My name is Damaris Chavez. I've been in a relationship for more than a year now. I consider myself in love, but that's something to be debated over with my parents. After this period of being with my boyfriend I've formed a bubble where I tend not to think about a lot of random things anymore. In my AP Rhetoric class we've been learning about Transcendentalism. Transcendentalism, I'm not going to lie, is very confusing, but what I learned something recently: I must cherish life. I'm very involved with church (I'm Catholic) and so I refer to God a lot.
All these factors I just stated have been involved with my first blog post: Life is too short to neglect any longer.
I have not been on earth for very long, and neither had a peer of mine. Someone passed away that attended the same school as me. She was 17. I didn't know her personally but when everything began to happen it caught me off guard and as quickly as it was reported, she was gone. Just like that.
Her boyfriend sat at her bedside everyday. Her family made many facebook posts and twitter posts. Everyone in the school was updated. Since I have been in a relationship "What if" never really occurred to me. However, after this incident, "what if"s kept flying into my mind and made my heart ache. Such a loss can never be replaced. I am only left to imagine how it does feel.

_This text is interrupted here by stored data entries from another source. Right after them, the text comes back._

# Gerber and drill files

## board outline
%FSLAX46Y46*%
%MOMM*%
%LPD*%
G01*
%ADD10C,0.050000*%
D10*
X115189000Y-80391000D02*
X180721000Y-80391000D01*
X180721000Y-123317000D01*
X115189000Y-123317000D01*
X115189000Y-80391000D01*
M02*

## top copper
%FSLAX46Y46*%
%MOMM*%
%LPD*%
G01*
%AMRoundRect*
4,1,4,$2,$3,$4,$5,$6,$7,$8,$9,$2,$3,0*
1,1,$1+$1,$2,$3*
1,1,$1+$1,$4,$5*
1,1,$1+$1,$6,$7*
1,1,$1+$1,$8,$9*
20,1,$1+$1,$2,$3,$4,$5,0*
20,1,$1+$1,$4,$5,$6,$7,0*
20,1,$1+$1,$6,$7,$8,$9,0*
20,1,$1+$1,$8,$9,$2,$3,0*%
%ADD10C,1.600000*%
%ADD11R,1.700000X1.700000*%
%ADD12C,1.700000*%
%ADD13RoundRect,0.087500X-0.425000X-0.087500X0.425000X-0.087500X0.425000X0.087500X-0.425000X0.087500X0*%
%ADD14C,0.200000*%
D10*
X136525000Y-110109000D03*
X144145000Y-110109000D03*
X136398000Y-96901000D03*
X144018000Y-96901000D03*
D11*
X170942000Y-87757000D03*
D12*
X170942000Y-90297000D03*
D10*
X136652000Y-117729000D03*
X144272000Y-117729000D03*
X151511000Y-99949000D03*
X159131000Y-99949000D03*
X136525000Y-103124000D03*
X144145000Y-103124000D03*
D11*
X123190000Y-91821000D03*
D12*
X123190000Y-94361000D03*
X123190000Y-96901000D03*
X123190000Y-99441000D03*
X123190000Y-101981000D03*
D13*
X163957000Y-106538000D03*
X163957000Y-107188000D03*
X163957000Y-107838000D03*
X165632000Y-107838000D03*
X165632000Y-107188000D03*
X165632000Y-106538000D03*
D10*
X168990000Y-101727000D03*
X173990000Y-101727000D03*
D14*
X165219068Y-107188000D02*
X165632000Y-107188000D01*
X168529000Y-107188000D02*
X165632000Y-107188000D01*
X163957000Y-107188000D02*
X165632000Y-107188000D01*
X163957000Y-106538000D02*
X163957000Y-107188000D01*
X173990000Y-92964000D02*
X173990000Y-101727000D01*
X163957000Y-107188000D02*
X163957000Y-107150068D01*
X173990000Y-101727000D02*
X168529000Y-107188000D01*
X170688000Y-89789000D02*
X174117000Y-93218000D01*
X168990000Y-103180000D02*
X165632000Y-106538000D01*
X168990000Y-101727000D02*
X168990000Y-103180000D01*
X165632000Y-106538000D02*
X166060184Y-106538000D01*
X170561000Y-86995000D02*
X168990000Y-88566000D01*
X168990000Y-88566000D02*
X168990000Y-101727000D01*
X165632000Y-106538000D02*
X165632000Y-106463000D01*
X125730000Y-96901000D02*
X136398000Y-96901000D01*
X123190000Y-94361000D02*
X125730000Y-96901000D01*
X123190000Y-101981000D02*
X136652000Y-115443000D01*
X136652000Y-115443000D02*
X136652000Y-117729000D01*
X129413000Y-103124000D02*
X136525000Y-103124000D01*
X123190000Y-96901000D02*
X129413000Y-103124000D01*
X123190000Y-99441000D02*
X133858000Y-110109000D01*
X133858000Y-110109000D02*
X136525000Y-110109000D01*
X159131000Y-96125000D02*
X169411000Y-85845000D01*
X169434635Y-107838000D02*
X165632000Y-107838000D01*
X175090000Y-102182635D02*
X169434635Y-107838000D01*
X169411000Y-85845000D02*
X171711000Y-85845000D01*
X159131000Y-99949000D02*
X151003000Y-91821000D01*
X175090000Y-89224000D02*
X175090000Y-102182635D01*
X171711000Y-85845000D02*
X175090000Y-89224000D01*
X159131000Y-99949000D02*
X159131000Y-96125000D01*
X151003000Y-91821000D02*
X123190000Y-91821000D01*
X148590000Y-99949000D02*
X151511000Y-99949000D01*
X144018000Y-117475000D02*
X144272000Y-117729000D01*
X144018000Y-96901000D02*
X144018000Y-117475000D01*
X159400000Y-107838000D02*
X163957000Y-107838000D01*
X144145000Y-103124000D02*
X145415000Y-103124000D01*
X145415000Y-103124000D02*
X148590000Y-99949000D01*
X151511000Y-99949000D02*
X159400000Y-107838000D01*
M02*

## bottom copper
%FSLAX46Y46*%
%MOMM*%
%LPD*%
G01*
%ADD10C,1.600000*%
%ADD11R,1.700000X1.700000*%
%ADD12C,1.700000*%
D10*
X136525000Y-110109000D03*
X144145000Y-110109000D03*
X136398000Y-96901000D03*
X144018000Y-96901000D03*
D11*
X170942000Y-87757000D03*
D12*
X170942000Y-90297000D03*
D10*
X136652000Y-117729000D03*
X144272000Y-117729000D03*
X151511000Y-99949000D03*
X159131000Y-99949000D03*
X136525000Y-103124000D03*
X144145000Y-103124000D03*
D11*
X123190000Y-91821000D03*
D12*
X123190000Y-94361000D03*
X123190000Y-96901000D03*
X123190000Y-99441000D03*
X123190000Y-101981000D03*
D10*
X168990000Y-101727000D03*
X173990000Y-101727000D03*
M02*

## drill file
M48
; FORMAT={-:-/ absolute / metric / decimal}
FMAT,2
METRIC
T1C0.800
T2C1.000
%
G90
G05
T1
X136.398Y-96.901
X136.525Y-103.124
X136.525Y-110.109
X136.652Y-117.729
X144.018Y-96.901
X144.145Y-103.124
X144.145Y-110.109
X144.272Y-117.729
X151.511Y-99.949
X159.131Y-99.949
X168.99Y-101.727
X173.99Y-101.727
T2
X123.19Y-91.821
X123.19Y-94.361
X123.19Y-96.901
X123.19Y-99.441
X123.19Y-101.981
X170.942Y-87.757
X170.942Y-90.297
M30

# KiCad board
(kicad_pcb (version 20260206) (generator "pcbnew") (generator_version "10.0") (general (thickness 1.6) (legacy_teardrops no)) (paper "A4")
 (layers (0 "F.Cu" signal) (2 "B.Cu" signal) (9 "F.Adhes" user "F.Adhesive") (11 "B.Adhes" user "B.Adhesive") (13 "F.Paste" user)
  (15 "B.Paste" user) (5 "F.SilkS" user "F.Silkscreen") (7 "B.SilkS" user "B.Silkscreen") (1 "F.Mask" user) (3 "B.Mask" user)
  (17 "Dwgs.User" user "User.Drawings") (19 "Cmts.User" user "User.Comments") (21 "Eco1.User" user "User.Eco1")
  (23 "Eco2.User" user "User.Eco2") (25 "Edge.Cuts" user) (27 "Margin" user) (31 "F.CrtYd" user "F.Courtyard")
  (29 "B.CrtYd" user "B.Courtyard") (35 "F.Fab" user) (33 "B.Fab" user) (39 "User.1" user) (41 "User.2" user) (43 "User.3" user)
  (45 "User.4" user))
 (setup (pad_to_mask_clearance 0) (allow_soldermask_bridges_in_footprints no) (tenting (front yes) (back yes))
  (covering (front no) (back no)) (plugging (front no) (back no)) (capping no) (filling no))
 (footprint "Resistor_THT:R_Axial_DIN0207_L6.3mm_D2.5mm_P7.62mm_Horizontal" (layer "F.Cu") (at 136.525 110.109)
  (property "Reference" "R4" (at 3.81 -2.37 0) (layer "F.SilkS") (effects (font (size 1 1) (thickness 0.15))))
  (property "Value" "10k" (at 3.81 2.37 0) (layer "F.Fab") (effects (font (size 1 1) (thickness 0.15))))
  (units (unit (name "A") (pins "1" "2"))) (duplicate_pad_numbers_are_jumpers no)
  (pad "1" thru_hole circle (at 0 0) (size 1.6 1.6) (drill 0.8) (layers "*.Cu" "*.Mask") (remove_unused_layers no) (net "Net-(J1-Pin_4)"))
  (pad "2" thru_hole circle (at 7.62 0) (size 1.6 1.6) (drill 0.8) (layers "*.Cu" "*.Mask") (remove_unused_layers no) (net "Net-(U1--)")))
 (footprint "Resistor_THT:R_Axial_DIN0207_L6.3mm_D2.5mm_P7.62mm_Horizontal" (layer "F.Cu") (at 136.398 96.901)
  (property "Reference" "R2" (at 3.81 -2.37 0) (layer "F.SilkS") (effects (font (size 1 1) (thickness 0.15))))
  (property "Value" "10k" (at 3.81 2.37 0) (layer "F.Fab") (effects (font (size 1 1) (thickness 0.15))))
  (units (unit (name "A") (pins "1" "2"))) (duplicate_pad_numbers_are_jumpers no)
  (pad "1" thru_hole circle (at 0 0) (size 1.6 1.6) (drill 0.8) (layers "*.Cu" "*.Mask") (remove_unused_layers no) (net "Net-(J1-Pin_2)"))
  (pad "2" thru_hole circle (at 7.62 0) (size 1.6 1.6) (drill 0.8) (layers "*.Cu" "*.Mask") (remove_unused_layers no) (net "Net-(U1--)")))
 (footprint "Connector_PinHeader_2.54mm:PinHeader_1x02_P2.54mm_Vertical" (layer "F.Cu") (at 170.942 87.757)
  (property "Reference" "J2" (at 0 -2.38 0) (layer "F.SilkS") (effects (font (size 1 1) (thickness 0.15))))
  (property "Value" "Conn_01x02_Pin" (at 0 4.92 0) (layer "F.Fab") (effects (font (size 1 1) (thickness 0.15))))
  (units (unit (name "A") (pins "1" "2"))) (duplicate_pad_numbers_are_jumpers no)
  (pad "1" thru_hole rect (at 0 0) (size 1.7 1.7) (drill 1) (layers "*.Cu" "*.Mask") (remove_unused_layers no) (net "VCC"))
  (pad "2" thru_hole circle (at 0 2.54) (size 1.7 1.7) (drill 1) (layers "*.Cu" "*.Mask") (remove_unused_layers no) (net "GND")))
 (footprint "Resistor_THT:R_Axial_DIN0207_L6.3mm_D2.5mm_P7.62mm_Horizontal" (layer "F.Cu") (at 136.652 117.729)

Ironically, in my AP Rhet class we began reading excerpts from different Transcendentalists and one was about a blade of grass. I know, a blade of grass means nothing, it's just something that grows and dies. That's what I thought, but then I really began to think. What about that blade of grass is so important? What does that have to do with me?

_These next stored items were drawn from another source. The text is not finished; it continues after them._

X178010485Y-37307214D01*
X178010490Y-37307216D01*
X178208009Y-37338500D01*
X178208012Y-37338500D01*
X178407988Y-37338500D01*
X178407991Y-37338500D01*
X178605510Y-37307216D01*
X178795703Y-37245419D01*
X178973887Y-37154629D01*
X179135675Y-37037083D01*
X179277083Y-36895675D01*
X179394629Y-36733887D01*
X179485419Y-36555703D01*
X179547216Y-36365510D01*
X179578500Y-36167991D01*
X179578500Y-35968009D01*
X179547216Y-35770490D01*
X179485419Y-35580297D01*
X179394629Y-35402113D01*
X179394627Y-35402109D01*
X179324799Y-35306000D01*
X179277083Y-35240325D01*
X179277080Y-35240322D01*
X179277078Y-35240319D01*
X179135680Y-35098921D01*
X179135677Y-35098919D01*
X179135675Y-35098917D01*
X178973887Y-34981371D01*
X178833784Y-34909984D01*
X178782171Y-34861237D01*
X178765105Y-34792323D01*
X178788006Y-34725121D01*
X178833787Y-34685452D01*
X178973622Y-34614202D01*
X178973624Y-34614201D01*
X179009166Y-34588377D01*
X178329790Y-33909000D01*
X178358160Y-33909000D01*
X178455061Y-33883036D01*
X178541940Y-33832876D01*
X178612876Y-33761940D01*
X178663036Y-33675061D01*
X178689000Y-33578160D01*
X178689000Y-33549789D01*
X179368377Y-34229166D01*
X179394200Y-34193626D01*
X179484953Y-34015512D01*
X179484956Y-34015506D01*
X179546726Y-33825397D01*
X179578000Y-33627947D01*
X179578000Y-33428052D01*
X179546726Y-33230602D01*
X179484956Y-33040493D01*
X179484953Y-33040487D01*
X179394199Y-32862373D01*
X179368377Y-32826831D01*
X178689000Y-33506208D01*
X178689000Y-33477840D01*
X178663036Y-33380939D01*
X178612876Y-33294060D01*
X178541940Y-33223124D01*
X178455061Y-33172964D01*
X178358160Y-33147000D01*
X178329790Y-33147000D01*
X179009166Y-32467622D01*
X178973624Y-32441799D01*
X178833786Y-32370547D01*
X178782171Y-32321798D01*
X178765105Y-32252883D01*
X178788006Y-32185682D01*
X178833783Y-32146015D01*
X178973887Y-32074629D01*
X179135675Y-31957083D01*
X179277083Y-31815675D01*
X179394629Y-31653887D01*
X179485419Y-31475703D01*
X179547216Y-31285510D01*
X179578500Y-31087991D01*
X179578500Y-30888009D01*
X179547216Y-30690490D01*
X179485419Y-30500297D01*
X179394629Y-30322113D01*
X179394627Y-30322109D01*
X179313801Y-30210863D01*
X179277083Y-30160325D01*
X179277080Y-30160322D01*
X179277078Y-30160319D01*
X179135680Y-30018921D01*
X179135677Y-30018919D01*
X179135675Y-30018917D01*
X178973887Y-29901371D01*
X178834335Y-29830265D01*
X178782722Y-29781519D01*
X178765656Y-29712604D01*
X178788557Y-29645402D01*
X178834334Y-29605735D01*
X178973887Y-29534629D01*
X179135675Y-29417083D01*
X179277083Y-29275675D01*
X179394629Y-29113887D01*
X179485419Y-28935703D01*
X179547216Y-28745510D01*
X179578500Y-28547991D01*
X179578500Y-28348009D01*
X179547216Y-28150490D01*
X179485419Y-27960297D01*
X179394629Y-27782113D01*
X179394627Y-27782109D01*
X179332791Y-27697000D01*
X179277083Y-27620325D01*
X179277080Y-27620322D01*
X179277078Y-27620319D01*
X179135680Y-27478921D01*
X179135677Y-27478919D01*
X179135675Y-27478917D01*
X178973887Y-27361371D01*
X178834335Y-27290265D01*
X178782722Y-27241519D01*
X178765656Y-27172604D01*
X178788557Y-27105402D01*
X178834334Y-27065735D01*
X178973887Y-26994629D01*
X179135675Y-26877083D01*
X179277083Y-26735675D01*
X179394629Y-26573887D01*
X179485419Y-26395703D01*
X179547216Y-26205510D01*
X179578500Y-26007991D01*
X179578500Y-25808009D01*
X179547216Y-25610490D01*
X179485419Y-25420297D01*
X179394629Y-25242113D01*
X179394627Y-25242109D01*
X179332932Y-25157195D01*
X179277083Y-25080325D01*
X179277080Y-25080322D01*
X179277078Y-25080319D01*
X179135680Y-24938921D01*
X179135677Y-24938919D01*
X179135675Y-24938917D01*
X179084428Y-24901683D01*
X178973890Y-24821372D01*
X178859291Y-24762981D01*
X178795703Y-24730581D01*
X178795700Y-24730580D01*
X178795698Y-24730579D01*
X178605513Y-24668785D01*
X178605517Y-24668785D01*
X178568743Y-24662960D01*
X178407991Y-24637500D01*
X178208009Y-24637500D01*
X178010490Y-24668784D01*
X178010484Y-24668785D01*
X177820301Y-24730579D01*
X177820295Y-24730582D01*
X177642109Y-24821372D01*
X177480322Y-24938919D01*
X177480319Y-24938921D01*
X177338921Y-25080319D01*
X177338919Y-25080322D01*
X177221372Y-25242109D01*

Turns out, that blade of grass is very similar to life itself. Life is neglected, it's something no one truly considers a gift until there is a tragedy. Whether it was a loss of a loved one, a near death experience, or even witnessing a death. Grass grows from the ground, it dies eventually, but then another blade of grass replaces that blade.
Now think about life. Life is about living and dying. It's up to us to live the in between. Life is shorter than I expected, but I know now that there's no preventing the end... I wish there was a way to know, but God has the answer, to me at least. Last night, as i volunteered at the church, the whole night was about this peer of mine. It was hard for me to sit through because I'm very sensitive and I don't know how to react to these situations.
Long story short, I'm left with one question about this death. Was it Good luck? Bad luck? Who knows!